Overview of the Paper on $\mathcal{L}_{\dmi}$: A Novel Information-Theoretic Loss Function for Robust Training

This paper introduces a novel information-theoretic loss function, $\mathcal{L}_{\dmi}$, for training deep neural networks that are robust to label noise. The work addresses the challenge of training models on large-scale datasets where accurate annotations are costly, and low-quality labels can degrade model performance. Traditional methods for dealing with noisy labels often fall short, either due to handling limited noise patterns, the need for auxiliary information, or a lack of theoretical grounding.

Key Contributions

  1. Introduction of DMI: The core innovation is the Determinant based Mutual Information (DMI), a generalized mutual information measure. DMI extends Shannon's mutual information by being both information-monotone and relatively invariant, providing robust measurement of correlation between variables even under noise.
  2. Novel Loss Function $\mathcal{L}_{\dmi}$: Building upon DMI, the authors propose $\mathcal{L}_{\dmi}$, a loss function that uniquely handles instance-independent label noise without auxiliary data. By leveraging the properties of DMI, $\mathcal{L}_{\dmi}$ maintains robustness across various noise patterns, including diagonally non-dominant noise.
  3. Theoretical Validation: The paper includes rigorous theoretical analysis demonstrating that $\mathcal{L}_{\dmi}$ is both legal (guaranteeing that the ground truth classifier has the lowest loss) and noise-robust (ensuring equivalent performance when trained on noisy or clean data).
  4. Empirical Evidence: Comprehensive experiments on several benchmarks, such as Fashion-MNIST, CIFAR-10, and real-world data like Clothing1M, exhibit the effectiveness of $\mathcal{L}_{\dmi}$ against other methods like cross-entropy and GCE, especially in settings with severe label noise.

Numerical Results and Observations

The experiments show that $\mathcal{L}_{\dmi}$ consistently outperforms or competes with state-of-the-art methods across various levels and types of label noise. Key observations include:

  • In scenarios with non-diagonally dominant noise, where traditional distance-based losses succumb to model bias towards class imbalances, $\mathcal{L}_{\dmi}$ maintains superior accuracy.
  • $\mathcal{L}_{\dmi}$ shows minimal performance degradation as noise levels increase, highlighting its robustness.

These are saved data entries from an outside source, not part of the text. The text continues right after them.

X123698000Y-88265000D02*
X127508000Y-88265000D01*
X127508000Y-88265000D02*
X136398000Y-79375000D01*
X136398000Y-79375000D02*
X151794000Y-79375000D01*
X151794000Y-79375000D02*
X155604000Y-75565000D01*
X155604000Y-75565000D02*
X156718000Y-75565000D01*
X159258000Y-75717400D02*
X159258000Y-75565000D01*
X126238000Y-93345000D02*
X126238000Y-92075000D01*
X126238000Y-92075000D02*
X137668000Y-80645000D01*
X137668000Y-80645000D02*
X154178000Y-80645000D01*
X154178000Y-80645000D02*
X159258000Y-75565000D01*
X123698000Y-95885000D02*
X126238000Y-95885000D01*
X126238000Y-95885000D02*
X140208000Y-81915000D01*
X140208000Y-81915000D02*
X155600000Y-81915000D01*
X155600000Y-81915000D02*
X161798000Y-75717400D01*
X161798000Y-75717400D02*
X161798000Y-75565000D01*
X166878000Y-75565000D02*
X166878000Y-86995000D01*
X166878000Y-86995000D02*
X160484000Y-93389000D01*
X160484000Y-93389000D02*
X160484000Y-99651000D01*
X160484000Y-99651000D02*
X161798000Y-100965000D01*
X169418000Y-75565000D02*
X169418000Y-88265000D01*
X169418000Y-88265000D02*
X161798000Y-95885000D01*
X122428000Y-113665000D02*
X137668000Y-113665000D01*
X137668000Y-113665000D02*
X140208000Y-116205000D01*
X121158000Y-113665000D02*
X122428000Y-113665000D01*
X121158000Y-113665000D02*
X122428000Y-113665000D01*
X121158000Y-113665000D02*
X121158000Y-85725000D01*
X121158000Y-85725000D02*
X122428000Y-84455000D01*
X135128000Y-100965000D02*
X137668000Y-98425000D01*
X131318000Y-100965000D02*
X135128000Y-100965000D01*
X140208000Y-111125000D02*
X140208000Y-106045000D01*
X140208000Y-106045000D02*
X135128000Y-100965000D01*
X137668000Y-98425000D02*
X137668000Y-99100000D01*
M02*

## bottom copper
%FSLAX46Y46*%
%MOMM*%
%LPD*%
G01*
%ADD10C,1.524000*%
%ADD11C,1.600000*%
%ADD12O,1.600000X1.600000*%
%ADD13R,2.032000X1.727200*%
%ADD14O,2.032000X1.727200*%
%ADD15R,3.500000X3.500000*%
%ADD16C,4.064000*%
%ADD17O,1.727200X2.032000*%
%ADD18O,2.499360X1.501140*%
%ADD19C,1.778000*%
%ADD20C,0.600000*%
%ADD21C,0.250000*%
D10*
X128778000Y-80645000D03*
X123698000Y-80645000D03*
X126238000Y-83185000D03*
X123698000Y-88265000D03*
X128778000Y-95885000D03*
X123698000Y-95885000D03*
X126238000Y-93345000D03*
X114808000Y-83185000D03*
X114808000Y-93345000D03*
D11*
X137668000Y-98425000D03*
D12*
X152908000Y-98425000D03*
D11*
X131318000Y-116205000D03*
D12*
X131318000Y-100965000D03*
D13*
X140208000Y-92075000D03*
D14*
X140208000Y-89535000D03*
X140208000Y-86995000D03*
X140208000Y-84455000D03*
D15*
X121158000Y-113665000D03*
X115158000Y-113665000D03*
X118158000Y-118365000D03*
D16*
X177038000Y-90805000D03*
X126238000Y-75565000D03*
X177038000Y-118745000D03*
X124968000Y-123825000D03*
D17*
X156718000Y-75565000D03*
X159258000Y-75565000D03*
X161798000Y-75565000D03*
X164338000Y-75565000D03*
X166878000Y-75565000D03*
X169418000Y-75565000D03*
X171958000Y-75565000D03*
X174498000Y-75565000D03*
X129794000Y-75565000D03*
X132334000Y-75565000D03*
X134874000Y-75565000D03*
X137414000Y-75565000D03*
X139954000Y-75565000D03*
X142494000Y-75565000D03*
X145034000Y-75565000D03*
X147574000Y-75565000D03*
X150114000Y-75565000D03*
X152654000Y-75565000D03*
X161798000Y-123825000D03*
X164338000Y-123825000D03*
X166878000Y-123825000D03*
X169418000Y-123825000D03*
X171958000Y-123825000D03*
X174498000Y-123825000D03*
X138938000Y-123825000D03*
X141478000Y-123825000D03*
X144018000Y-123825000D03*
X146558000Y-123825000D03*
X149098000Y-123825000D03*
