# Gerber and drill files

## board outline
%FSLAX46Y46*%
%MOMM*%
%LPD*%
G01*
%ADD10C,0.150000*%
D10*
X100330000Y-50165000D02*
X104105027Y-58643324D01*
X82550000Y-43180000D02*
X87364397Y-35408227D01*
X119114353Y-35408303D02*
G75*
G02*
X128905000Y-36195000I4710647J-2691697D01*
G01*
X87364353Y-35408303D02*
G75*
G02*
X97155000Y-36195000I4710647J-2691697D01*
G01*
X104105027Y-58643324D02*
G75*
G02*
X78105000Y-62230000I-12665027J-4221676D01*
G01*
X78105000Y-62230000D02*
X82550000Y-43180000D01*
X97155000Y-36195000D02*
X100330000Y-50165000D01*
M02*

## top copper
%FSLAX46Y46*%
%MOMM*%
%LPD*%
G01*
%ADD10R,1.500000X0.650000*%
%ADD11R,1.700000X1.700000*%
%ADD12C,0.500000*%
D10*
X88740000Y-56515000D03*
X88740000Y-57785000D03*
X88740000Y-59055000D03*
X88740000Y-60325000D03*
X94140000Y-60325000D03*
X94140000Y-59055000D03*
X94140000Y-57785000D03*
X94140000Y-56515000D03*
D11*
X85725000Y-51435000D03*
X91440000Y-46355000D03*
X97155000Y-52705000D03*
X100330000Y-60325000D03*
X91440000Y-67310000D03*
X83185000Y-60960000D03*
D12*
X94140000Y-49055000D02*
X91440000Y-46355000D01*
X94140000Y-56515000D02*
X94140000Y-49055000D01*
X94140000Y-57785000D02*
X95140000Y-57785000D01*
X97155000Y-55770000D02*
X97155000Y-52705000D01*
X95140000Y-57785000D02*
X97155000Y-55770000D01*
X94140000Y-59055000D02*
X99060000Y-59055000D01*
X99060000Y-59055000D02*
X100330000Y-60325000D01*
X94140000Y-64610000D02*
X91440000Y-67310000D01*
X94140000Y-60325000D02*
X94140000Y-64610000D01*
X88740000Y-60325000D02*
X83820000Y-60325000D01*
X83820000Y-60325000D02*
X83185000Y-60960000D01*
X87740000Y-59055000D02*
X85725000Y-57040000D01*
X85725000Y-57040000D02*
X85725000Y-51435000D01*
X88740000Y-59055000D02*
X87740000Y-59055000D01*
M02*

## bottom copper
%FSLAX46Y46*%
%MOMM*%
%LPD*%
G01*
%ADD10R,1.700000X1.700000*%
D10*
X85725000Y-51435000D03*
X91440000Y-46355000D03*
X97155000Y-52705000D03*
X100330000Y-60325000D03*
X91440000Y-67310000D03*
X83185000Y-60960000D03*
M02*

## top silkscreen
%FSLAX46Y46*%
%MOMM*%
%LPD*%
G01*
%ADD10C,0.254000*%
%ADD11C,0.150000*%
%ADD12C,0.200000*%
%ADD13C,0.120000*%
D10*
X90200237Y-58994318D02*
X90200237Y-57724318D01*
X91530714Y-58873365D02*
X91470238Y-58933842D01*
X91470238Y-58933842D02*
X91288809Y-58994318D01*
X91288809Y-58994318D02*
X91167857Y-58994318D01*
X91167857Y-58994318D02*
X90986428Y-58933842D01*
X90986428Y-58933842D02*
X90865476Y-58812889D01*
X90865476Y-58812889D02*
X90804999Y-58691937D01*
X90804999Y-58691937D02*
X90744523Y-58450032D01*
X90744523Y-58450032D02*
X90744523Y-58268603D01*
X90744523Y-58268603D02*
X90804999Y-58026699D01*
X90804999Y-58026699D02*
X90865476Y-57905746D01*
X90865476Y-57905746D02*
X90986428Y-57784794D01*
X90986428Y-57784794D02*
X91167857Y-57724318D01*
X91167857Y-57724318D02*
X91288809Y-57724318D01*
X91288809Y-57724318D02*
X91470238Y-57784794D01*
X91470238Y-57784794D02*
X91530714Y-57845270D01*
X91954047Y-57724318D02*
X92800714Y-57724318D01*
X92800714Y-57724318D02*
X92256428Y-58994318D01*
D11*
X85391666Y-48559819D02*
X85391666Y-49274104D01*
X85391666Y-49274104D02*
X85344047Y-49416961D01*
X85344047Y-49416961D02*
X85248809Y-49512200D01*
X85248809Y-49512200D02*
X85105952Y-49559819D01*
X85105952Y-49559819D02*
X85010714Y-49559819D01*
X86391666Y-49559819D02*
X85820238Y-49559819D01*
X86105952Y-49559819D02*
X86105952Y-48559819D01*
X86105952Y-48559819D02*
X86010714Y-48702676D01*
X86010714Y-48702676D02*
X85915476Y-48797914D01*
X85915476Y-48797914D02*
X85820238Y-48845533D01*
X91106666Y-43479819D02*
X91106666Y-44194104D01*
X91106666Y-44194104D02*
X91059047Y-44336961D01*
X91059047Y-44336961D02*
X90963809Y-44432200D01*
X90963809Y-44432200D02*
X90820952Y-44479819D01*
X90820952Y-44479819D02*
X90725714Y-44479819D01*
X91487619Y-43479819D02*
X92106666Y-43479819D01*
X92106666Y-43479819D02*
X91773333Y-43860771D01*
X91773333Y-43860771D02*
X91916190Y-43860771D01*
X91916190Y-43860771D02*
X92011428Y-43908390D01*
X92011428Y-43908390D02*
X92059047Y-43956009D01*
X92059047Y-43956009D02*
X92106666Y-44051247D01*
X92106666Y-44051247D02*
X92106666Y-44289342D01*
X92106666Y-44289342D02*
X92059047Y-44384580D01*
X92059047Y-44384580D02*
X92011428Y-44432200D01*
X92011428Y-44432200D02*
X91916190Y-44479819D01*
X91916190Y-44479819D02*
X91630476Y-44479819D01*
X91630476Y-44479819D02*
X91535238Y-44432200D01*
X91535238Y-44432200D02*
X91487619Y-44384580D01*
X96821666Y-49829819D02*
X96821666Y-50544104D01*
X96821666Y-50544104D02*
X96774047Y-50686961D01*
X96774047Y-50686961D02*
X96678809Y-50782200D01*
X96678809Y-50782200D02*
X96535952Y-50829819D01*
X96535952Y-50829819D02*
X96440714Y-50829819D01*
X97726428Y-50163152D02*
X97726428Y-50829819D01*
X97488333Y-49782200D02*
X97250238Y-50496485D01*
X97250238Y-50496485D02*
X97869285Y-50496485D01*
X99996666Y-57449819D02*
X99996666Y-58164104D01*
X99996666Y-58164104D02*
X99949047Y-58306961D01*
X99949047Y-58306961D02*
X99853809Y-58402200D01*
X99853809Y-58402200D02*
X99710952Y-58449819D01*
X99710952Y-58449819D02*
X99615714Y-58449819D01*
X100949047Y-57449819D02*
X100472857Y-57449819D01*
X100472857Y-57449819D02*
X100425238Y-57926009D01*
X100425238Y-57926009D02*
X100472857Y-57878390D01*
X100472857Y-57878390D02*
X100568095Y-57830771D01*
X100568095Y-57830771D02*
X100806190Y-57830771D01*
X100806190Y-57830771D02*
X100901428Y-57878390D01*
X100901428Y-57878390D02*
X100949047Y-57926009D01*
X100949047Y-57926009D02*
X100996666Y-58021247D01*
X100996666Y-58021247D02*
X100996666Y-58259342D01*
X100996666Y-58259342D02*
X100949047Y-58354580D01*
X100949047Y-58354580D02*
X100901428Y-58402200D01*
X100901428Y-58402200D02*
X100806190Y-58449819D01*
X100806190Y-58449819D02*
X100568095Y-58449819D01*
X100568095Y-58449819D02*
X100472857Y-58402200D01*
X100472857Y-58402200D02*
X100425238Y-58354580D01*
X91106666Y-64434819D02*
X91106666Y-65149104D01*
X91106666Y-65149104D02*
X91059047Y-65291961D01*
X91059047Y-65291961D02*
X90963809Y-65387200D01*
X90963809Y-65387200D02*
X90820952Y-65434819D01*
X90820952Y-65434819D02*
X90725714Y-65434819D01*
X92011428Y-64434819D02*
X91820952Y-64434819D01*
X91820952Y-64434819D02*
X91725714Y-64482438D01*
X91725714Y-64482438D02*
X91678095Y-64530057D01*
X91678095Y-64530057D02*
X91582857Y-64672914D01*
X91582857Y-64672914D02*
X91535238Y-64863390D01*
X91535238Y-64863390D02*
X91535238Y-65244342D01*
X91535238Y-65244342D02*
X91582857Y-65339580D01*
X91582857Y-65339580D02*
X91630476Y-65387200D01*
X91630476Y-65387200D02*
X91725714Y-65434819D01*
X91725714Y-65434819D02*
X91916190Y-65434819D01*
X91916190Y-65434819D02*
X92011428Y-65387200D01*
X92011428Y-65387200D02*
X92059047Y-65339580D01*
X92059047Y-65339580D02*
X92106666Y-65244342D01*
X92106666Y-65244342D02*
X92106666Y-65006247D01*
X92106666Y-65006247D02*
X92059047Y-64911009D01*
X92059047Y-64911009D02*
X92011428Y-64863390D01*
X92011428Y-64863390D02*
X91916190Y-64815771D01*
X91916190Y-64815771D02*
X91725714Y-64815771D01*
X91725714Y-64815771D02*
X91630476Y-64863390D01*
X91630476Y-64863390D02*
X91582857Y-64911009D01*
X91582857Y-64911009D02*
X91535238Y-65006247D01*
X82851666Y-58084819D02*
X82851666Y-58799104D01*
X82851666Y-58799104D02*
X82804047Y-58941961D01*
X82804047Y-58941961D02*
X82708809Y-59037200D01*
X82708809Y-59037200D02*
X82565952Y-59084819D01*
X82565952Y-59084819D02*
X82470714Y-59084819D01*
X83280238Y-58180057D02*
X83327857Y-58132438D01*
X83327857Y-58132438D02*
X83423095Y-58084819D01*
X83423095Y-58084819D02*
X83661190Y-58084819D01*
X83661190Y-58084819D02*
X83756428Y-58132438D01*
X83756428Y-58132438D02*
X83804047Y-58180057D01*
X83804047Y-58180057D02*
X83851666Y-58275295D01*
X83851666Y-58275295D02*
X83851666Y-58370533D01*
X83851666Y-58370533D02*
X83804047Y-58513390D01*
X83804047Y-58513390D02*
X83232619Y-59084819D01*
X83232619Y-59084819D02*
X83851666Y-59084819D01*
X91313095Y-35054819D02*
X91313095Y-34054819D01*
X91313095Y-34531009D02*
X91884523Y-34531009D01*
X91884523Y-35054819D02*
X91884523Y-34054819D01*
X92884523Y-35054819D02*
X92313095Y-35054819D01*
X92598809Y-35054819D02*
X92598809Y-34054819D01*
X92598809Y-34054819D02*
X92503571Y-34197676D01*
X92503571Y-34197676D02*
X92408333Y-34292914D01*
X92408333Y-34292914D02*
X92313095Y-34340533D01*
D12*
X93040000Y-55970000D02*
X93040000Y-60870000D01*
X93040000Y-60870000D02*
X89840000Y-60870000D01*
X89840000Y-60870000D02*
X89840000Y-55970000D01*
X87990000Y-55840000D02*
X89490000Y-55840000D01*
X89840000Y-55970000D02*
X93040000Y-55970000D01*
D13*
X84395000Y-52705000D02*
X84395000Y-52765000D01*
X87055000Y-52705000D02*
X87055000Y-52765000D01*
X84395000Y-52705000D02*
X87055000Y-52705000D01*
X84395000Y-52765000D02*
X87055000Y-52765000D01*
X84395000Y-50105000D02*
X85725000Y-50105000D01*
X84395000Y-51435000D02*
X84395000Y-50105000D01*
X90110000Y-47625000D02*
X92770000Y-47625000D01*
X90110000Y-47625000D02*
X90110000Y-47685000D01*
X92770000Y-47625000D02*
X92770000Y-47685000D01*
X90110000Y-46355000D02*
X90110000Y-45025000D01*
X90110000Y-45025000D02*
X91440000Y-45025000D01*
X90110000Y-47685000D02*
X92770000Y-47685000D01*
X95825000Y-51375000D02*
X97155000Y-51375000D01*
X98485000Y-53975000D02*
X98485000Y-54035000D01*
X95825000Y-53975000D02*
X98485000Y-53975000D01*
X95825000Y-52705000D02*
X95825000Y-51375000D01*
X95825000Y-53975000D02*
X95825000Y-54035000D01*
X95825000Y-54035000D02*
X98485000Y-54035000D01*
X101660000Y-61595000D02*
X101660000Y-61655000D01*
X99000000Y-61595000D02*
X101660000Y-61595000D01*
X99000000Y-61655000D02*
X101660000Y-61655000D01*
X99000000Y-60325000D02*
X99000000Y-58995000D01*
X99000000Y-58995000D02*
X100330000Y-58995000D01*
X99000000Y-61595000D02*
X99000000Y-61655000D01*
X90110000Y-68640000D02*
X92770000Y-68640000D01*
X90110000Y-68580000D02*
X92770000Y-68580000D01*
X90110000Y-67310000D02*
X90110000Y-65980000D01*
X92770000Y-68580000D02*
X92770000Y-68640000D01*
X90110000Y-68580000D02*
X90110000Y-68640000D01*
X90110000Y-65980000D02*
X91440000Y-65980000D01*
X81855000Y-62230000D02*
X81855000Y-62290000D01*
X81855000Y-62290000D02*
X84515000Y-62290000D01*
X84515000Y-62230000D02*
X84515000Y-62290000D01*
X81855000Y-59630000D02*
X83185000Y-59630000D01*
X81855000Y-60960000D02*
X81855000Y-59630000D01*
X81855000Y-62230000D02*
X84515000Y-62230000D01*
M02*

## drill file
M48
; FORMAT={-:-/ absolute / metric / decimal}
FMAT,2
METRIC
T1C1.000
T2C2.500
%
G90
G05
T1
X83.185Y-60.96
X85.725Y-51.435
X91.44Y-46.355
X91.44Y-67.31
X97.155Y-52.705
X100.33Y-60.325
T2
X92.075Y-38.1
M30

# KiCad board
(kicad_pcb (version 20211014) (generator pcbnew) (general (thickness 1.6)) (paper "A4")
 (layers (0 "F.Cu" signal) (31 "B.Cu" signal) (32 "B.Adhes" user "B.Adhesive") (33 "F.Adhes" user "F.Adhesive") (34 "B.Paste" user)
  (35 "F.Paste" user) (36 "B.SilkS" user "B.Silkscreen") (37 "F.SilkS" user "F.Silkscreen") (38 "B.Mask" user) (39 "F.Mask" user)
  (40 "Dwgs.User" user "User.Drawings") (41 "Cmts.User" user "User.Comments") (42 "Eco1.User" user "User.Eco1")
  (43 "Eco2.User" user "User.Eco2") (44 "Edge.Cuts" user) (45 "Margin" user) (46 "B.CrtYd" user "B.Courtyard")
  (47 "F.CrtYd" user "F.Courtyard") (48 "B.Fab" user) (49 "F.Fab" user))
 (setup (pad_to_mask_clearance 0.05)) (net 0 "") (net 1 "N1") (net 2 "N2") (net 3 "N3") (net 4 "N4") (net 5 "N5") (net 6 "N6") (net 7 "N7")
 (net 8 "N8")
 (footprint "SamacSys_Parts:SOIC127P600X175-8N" (layer "F.Cu") (at 91.44 58.42)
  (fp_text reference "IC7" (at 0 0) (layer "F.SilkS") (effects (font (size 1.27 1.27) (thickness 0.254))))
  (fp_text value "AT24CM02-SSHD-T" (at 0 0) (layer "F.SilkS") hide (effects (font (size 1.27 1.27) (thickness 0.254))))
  (fp_line (start 1.6 -2.45) (end 1.6 2.45) (layer "F.SilkS") (width 0.2))
  (fp_line (start 1.6 2.45) (end -1.6 2.45) (layer "F.SilkS") (width 0.2))
  (fp_line (start -1.6 2.45) (end -1.6 -2.45) (layer "F.SilkS") (width 0.2))
  (fp_line (start -3.45 -2.58) (end -1.95 -2.58) (layer "F.SilkS") (width 0.2))
  (fp_line (start -1.6 -2.45) (end 1.6 -2.45) (layer "F.SilkS") (width 0.2))
  (pad "1" smd rect locked (at -2.7 -1.905 90) (size 0.65 1.5) (layers "F.Cu" "F.Paste" "F.Mask") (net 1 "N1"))
  (pad "2" smd rect locked (at -2.7 -0.635 90) (size 0.65 1.5) (layers "F.Cu" "F.Paste" "F.Mask") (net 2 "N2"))
  (pad "3" smd rect locked (at -2.7 0.635 90) (size 0.65 1.5) (layers "F.Cu" "F.Paste" "F.Mask") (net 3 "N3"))
  (pad "4" smd rect locked (at -2.7 1.905 90) (size 0.65 1.5) (layers "F.Cu" "F.Paste" "F.Mask") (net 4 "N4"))
  (pad "5" smd rect locked (at 2.7 1.905 90) (size 0.65 1.5) (layers "F.Cu" "F.Paste" "F.Mask") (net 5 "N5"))
  (pad "6" smd rect locked (at 2.7 0.635 90) (size 0.65 1.5) (layers "F.Cu" "F.Paste" "F.Mask") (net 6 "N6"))
  (pad "7" smd rect locked (at 2.7 -0.635 90) (size 0.65 1.5) (layers "F.Cu" "F.Paste" "F.Mask") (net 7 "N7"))
  (pad "8" smd rect locked (at 2.7 -1.905 90) (size 0.65 1.5) (layers "F.Cu" "F.Paste" "F.Mask") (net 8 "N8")))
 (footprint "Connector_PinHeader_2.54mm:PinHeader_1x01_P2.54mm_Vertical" (layer "F.Cu") (at 85.725 51.435)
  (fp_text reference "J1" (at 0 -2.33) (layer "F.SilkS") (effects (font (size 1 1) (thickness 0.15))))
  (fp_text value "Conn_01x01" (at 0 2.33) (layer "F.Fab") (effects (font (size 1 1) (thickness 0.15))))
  (fp_line (start -1.33 1.27) (end -1.33 1.33) (layer "F.SilkS") (width 0.12))
  (fp_line (start 1.33 1.27) (end 1.33 1.33) (layer "F.SilkS") (width 0.12))
  (fp_line (start -1.33 1.27) (end 1.33 1.27) (layer "F.SilkS") (width 0.12))
  (fp_line (start -1.33 1.33) (end 1.33 1.33) (layer "F.SilkS") (width 0.12))
  (fp_line (start -1.33 -1.33) (end 0 -1.33) (layer "F.SilkS") (width 0.12))
  (fp_line (start -1.33 0) (end -1.33 -1.33) (layer "F.SilkS") (width 0.12))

Implications and Future Directions

The implications of introducing $\mathcal{L}_{\dmi}$ are profound for both theoretical research and practical deployment of machine learning systems in noisy environments. Practically, it can be immediately applied to existing architectures without additional data or noise estimation, streamlining processes where noise-robustness is critical, such as in medical imaging or crowdsourced datasets.

Theoretically, this work opens avenues to explore more generalistic formulations of mutual information for other types of noise and dependencies beyond the instance-independent assumption. Future research could also investigate optimizations in the training procedure aligned with DMI's theoretical underpinnings to further enhance model performance in clean data conditions.

Overall, the paper makes significant strides toward robust and theoretically justified approaches in training models under practical constraints, marking a meaningful addition to the field of machine learning both in theory and application.